#### [What the task asks]
Show every line of the data below that includes the word "property".

Saved data entries
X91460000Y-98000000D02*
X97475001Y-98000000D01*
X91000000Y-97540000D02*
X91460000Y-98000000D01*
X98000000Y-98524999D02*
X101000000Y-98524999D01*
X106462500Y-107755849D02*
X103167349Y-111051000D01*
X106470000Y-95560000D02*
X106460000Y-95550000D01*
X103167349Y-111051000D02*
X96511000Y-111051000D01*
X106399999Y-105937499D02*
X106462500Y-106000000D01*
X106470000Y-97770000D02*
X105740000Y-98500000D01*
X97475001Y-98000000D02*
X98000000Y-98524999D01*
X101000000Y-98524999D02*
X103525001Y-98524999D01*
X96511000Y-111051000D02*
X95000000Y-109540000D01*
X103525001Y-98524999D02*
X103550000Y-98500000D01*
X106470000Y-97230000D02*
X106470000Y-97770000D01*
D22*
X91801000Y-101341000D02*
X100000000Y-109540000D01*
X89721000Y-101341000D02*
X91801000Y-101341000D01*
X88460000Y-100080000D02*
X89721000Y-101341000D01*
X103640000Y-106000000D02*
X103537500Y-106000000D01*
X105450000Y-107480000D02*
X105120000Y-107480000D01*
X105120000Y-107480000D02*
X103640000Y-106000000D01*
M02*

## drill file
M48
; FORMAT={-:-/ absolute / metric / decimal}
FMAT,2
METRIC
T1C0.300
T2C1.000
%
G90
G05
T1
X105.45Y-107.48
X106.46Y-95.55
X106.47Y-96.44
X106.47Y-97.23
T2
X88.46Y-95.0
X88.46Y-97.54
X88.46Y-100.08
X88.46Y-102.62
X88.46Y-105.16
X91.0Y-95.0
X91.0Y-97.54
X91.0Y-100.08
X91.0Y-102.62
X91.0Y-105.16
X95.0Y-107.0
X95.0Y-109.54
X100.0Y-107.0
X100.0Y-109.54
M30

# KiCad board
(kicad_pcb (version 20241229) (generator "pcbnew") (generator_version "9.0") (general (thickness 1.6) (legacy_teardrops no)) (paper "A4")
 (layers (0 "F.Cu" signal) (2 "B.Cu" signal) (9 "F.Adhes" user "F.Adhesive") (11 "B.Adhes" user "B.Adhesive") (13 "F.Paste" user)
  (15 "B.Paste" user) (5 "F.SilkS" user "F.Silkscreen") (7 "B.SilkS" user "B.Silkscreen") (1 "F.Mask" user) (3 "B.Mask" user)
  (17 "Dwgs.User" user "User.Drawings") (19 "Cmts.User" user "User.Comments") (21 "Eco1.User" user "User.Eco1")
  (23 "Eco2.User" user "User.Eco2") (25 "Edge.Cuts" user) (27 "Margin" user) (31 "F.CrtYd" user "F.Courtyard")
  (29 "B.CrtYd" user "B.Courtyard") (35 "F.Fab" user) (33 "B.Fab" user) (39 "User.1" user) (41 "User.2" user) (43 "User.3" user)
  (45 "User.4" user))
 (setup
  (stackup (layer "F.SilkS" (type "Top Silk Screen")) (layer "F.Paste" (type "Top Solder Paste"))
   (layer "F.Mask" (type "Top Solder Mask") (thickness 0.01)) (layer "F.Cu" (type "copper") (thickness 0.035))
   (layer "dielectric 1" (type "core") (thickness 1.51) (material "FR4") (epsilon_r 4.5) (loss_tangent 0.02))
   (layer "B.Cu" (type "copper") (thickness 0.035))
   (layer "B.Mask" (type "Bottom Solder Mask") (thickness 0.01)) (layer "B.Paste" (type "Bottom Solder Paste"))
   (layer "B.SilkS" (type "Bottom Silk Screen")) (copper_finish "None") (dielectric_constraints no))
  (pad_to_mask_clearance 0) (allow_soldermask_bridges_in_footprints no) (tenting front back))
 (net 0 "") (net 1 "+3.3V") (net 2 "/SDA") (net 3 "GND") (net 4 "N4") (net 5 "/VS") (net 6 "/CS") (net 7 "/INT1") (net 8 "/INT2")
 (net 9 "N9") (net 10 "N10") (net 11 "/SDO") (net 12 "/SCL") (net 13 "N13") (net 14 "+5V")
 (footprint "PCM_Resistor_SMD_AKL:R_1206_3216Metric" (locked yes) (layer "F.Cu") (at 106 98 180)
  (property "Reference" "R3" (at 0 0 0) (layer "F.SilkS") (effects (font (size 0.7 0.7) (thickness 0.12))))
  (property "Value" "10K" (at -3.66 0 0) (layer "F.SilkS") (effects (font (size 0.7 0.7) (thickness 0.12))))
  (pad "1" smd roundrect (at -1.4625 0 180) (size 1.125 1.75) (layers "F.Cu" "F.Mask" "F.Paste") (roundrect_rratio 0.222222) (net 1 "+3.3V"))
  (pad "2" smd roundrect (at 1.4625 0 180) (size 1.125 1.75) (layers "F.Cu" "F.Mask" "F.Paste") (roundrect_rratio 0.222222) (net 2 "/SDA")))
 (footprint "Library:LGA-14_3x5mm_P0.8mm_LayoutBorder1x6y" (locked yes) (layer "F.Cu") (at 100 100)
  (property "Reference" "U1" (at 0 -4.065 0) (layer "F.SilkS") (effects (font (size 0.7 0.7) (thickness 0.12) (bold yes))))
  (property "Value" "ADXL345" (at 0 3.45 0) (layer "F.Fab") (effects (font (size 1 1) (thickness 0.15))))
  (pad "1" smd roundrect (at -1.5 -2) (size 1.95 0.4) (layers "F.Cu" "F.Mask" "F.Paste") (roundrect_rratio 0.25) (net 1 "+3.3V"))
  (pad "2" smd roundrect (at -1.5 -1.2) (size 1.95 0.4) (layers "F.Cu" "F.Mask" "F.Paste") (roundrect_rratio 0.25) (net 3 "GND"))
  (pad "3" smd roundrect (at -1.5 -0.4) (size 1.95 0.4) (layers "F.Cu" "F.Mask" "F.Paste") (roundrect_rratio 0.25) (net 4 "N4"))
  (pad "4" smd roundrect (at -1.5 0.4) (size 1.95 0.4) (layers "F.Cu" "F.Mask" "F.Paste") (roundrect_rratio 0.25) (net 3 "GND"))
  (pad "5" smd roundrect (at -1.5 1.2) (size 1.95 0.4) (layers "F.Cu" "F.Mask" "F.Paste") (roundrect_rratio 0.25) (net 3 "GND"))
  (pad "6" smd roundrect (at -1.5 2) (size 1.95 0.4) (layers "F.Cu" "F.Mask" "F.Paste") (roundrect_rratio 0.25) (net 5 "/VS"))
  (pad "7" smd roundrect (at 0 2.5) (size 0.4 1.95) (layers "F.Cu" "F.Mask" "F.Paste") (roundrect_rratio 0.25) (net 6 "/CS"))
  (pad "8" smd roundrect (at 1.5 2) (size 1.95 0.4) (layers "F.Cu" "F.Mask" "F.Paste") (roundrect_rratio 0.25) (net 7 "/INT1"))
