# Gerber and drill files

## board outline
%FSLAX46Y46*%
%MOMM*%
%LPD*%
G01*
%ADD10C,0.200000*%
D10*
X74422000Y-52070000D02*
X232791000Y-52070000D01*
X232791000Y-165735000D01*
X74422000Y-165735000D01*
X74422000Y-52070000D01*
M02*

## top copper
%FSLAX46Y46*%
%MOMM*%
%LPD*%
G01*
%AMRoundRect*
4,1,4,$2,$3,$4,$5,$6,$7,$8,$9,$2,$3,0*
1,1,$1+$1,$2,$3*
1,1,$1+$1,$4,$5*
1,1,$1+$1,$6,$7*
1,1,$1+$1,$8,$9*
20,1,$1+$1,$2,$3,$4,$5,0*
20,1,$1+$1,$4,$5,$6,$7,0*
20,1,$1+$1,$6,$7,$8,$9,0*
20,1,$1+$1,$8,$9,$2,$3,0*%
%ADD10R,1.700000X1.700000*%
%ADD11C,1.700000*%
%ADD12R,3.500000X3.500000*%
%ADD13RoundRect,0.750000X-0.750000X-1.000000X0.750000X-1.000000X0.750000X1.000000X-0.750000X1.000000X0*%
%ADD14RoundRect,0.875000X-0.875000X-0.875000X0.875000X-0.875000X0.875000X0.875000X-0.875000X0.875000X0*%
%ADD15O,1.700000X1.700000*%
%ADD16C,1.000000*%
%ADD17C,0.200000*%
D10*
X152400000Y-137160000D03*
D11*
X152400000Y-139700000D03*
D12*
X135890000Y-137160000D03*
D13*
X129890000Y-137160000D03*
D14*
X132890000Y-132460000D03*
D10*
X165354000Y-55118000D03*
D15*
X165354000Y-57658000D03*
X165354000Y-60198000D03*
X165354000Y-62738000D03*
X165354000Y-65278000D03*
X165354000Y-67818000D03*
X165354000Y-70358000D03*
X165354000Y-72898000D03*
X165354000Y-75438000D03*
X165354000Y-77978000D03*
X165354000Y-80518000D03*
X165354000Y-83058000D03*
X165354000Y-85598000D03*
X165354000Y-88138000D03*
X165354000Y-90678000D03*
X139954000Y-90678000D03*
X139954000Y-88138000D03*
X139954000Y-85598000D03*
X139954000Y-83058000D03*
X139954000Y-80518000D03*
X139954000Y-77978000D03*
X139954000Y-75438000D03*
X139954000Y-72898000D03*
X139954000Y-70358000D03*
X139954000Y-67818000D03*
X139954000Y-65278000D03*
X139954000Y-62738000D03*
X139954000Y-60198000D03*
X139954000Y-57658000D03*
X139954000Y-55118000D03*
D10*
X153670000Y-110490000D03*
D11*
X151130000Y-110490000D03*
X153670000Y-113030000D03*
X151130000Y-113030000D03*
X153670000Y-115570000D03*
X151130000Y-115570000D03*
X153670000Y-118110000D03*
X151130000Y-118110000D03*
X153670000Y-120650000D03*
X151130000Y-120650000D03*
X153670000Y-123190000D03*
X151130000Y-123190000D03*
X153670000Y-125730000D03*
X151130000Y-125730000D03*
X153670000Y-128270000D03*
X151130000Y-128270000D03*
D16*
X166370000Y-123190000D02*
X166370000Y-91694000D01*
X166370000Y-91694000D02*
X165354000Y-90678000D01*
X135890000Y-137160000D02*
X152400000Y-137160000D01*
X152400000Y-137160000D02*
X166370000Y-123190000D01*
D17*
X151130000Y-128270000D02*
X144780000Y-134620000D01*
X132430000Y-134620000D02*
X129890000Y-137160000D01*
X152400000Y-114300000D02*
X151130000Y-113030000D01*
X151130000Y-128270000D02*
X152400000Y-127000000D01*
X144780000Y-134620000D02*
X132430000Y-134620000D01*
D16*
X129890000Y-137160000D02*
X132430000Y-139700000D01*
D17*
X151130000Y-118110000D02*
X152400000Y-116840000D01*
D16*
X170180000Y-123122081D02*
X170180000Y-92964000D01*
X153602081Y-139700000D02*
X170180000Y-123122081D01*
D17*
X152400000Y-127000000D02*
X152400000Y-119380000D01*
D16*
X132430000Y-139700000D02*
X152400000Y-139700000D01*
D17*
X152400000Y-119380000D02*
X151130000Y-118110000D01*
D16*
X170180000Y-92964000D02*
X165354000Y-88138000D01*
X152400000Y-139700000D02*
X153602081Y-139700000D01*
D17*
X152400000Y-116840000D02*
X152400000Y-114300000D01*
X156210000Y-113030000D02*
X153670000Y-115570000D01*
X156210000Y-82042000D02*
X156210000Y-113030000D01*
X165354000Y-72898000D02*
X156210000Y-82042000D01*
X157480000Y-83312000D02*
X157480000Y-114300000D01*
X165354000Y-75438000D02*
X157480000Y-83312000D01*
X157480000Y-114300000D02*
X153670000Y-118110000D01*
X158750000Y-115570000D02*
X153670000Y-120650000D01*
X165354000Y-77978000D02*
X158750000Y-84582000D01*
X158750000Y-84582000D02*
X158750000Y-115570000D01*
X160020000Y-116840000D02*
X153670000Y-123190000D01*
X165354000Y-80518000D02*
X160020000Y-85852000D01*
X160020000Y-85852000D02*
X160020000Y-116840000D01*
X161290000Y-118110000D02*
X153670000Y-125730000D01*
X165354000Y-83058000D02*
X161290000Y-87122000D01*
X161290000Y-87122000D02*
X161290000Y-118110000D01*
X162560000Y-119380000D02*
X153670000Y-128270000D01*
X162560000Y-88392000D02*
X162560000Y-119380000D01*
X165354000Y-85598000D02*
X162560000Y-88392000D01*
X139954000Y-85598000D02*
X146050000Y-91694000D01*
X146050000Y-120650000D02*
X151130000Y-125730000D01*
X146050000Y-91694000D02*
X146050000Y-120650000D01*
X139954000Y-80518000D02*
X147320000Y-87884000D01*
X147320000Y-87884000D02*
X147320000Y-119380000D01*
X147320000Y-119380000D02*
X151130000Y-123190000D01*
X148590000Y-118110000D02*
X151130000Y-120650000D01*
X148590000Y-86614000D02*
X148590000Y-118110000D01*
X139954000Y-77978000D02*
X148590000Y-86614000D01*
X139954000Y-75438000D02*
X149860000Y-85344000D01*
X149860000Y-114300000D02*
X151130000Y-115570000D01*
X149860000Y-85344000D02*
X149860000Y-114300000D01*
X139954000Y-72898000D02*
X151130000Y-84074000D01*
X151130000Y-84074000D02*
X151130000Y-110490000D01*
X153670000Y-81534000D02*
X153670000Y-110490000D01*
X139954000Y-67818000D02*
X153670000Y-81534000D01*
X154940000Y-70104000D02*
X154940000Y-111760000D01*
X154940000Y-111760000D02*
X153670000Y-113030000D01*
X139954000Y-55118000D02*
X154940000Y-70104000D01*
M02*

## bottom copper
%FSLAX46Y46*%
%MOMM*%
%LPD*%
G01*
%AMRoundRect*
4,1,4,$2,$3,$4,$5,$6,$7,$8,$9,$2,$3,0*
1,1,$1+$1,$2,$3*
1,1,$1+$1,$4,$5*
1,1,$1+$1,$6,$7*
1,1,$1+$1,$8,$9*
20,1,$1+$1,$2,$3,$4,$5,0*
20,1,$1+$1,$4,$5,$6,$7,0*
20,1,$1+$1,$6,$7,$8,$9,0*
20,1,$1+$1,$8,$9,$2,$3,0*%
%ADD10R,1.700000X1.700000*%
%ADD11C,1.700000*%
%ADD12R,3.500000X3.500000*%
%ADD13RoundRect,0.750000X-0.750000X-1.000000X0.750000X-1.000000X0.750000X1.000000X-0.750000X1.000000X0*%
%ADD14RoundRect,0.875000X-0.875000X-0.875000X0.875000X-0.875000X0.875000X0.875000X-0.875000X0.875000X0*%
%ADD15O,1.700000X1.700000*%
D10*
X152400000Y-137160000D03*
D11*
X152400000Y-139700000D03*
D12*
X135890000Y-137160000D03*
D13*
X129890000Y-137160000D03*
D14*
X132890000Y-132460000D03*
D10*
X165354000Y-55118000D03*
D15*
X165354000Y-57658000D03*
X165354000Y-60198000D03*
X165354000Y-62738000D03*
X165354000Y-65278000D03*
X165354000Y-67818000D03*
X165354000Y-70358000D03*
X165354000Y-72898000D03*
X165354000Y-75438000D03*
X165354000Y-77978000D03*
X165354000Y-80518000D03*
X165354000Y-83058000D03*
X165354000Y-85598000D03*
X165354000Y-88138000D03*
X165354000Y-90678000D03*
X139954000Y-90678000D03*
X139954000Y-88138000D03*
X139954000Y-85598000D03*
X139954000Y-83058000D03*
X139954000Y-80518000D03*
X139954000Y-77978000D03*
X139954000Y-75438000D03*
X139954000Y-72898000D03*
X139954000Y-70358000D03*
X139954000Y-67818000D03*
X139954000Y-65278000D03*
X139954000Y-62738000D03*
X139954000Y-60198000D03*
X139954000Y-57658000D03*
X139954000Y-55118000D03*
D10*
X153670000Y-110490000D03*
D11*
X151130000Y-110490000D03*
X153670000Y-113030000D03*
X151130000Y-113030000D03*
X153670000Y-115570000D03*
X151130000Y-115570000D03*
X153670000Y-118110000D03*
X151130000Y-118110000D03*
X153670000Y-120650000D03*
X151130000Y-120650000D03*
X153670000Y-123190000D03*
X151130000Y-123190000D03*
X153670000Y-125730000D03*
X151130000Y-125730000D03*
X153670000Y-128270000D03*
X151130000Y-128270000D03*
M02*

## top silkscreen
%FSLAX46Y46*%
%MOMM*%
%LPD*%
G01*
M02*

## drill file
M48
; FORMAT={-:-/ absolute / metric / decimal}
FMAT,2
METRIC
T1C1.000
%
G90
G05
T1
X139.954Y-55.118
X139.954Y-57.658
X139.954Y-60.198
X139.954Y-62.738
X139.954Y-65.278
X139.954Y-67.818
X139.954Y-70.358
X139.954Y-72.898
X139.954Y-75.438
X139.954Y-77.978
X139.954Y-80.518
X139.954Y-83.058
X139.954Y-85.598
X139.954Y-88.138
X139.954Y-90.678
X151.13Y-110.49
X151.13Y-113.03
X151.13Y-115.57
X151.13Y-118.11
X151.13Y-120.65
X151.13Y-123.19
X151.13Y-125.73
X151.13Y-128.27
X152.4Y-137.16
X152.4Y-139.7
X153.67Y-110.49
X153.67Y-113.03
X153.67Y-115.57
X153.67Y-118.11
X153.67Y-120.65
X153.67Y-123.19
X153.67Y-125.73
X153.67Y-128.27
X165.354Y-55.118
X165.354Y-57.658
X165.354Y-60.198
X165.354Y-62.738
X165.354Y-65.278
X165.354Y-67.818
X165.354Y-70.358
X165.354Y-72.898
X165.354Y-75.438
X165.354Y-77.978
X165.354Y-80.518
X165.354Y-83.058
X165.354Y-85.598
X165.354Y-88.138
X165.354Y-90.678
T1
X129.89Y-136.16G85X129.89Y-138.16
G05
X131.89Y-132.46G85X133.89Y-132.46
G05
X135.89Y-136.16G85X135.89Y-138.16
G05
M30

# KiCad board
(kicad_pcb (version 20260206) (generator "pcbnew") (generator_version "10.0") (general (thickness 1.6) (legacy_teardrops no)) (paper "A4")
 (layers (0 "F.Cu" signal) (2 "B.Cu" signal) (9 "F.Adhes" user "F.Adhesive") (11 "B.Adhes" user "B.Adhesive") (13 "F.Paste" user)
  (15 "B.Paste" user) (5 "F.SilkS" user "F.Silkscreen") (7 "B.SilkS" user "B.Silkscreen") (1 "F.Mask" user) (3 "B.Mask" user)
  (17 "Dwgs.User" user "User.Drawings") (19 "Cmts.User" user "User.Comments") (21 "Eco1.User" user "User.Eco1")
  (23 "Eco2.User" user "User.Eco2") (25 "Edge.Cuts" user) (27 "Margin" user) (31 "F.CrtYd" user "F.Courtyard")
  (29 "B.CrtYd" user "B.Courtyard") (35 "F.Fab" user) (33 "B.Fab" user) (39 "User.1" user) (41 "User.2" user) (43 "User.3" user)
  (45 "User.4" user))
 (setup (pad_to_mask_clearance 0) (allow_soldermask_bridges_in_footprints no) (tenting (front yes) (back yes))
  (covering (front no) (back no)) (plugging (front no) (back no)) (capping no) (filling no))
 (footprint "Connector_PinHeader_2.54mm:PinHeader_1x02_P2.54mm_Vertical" (layer "B.Cu") (at 152.4 137.16 180)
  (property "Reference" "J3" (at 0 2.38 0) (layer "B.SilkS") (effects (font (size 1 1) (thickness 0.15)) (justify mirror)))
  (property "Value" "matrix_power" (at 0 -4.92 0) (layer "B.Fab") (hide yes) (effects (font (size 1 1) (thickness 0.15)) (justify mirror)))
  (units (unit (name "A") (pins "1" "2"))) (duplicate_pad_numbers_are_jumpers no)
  (pad "1" thru_hole rect (at 0 0 180) (size 1.7 1.7) (drill 1) (layers "*.Cu" "*.Mask") (remove_unused_layers no) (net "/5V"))
  (pad "2" thru_hole circle (at 0 -2.54 180) (size 1.7 1.7) (drill 1) (layers "*.Cu" "*.Mask") (remove_unused_layers no) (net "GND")))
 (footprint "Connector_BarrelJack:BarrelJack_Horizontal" (layer "B.Cu") (at 135.89 137.16)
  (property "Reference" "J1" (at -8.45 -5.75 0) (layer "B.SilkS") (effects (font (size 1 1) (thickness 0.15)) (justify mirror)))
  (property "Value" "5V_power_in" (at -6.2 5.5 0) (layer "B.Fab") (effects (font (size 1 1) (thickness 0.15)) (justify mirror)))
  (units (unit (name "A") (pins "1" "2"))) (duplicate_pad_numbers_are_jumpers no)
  (pad "1" thru_hole rect (at 0 0) (size 3.5 3.5) (drill oval 1 3) (layers "*.Cu" "*.Mask") (remove_unused_layers no) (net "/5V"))
  (pad "2" thru_hole roundrect (at -6 0) (size 3 3.5) (drill oval 1 3) (layers "*.Cu" "*.Mask") (remove_unused_layers no)
   (roundrect_rratio 0.25) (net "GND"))
  (pad "3" thru_hole roundrect (at -3 -4.7) (size 3.5 3.5) (drill oval 3 1) (layers "*.Cu" "*.Mask") (remove_unused_layers no)
   (roundrect_rratio 0.25)))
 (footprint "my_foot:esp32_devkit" (layer "B.Cu") (at 165.354 55.118 180)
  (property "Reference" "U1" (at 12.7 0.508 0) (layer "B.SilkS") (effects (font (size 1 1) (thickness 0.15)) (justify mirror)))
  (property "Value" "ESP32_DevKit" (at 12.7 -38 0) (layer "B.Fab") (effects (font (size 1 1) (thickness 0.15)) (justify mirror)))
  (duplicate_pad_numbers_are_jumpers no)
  (pad "1" thru_hole rect (at 0 0 180) (size 1.7 1.7) (drill 1) (layers "*.Cu" "*.Mask") (remove_unused_layers no)
   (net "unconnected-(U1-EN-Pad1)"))
  (pad "2" thru_hole oval (at 0 -2.54 180) (size 1.7 1.7) (drill 1) (layers "*.Cu" "*.Mask") (remove_unused_layers no)
   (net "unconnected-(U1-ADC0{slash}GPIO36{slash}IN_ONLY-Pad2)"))
  (pad "3" thru_hole oval (at 0 -5.08 180) (size 1.7 1.7) (drill 1) (layers "*.Cu" "*.Mask") (remove_unused_layers no)
   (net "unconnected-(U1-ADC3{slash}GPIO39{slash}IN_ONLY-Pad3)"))
  (pad "4" thru_hole oval (at 0 -7.62 180) (size 1.7 1.7) (drill 1) (layers "*.Cu" "*.Mask") (remove_unused_layers no)
   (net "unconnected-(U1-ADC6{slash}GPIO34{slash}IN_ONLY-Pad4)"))
  (pad "5" thru_hole oval (at 0 -10.16 180) (size 1.7 1.7) (drill 1) (layers "*.Cu" "*.Mask") (remove_unused_layers no)
   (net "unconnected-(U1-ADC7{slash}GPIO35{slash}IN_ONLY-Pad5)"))
  (pad "6" thru_hole oval (at 0 -12.7 180) (size 1.7 1.7) (drill 1) (layers "*.Cu" "*.Mask") (remove_unused_layers no)
   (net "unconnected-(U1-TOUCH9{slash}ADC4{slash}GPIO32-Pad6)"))
  (pad "7" thru_hole oval (at 0 -15.24 180) (size 1.7 1.7) (drill 1) (layers "*.Cu" "*.Mask") (remove_unused_layers no)
   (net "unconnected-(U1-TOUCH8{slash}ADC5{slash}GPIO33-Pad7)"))
  (pad "8" thru_hole oval (at 0 -17.78 180) (size 1.7 1.7) (drill 1) (layers "*.Cu" "*.Mask") (remove_unused_layers no) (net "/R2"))
  (pad "9" thru_hole oval (at 0 -20.32 180) (size 1.7 1.7) (drill 1) (layers "*.Cu" "*.Mask") (remove_unused_layers no) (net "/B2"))
  (pad "10" thru_hole oval (at 0 -22.86 180) (size 1.7 1.7) (drill 1) (layers "*.Cu" "*.Mask") (remove_unused_layers no) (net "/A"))
  (pad "11" thru_hole oval (at 0 -25.4 180) (size 1.7 1.7) (drill 1) (layers "*.Cu" "*.Mask") (remove_unused_layers no) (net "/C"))
  (pad "12" thru_hole oval (at 0 -27.94 180) (size 1.7 1.7) (drill 1) (layers "*.Cu" "*.Mask") (remove_unused_layers no) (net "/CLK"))
  (pad "13" thru_hole oval (at 0 -30.48 180) (size 1.7 1.7) (drill 1) (layers "*.Cu" "*.Mask") (remove_unused_layers no) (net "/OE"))
  (pad "14" thru_hole oval (at 0 -33.02 180) (size 1.7 1.7) (drill 1) (layers "*.Cu" "*.Mask") (remove_unused_layers no) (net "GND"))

#### [Written response]
  (property "Reference" "R3" (at 0 0 0) (layer "F.SilkS") (effects (font (size 0.7 0.7) (thickness 0.12))))
  (property "Value" "10K" (at -3.66 0 0) (layer "F.SilkS") (effects (font (size 0.7 0.7) (thickness 0.12))))
  (property "Reference" "U1" (at 0 -4.065 0) (layer "F.SilkS") (effects (font (size 0.7 0.7) (thickness 0.12) (bold yes))))
  (property "Value" "ADXL345" (at 0 3.45 0) (layer "F.Fab") (effects (font (size 1 1) (thickness 0.15))))
  (property "Reference" "J3" (at 0 2.38 0) (layer "B.SilkS") (effects (font (size 1 1) (thickness 0.15)) (justify mirror)))
  (property "Value" "matrix_power" (at 0 -4.92 0) (layer "B.Fab") (hide yes) (effects (font (size 1 1) (thickness 0.15)) (justify mirror)))
  (property "Reference" "J1" (at -8.45 -5.75 0) (layer "B.SilkS") (effects (font (size 1 1) (thickness 0.15)) (justify mirror)))
  (property "Value" "5V_power_in" (at -6.2 5.5 0) (layer "B.Fab") (effects (font (size 1 1) (thickness 0.15)) (justify mirror)))
  (property "Reference" "U1" (at 12.7 0.508 0) (layer "B.SilkS") (effects (font (size 1 1) (thickness 0.15)) (justify mirror)))
  (property "Value" "ESP32_DevKit" (at 12.7 -38 0) (layer "B.Fab") (effects (font (size 1 1) (thickness 0.15)) (justify mirror)))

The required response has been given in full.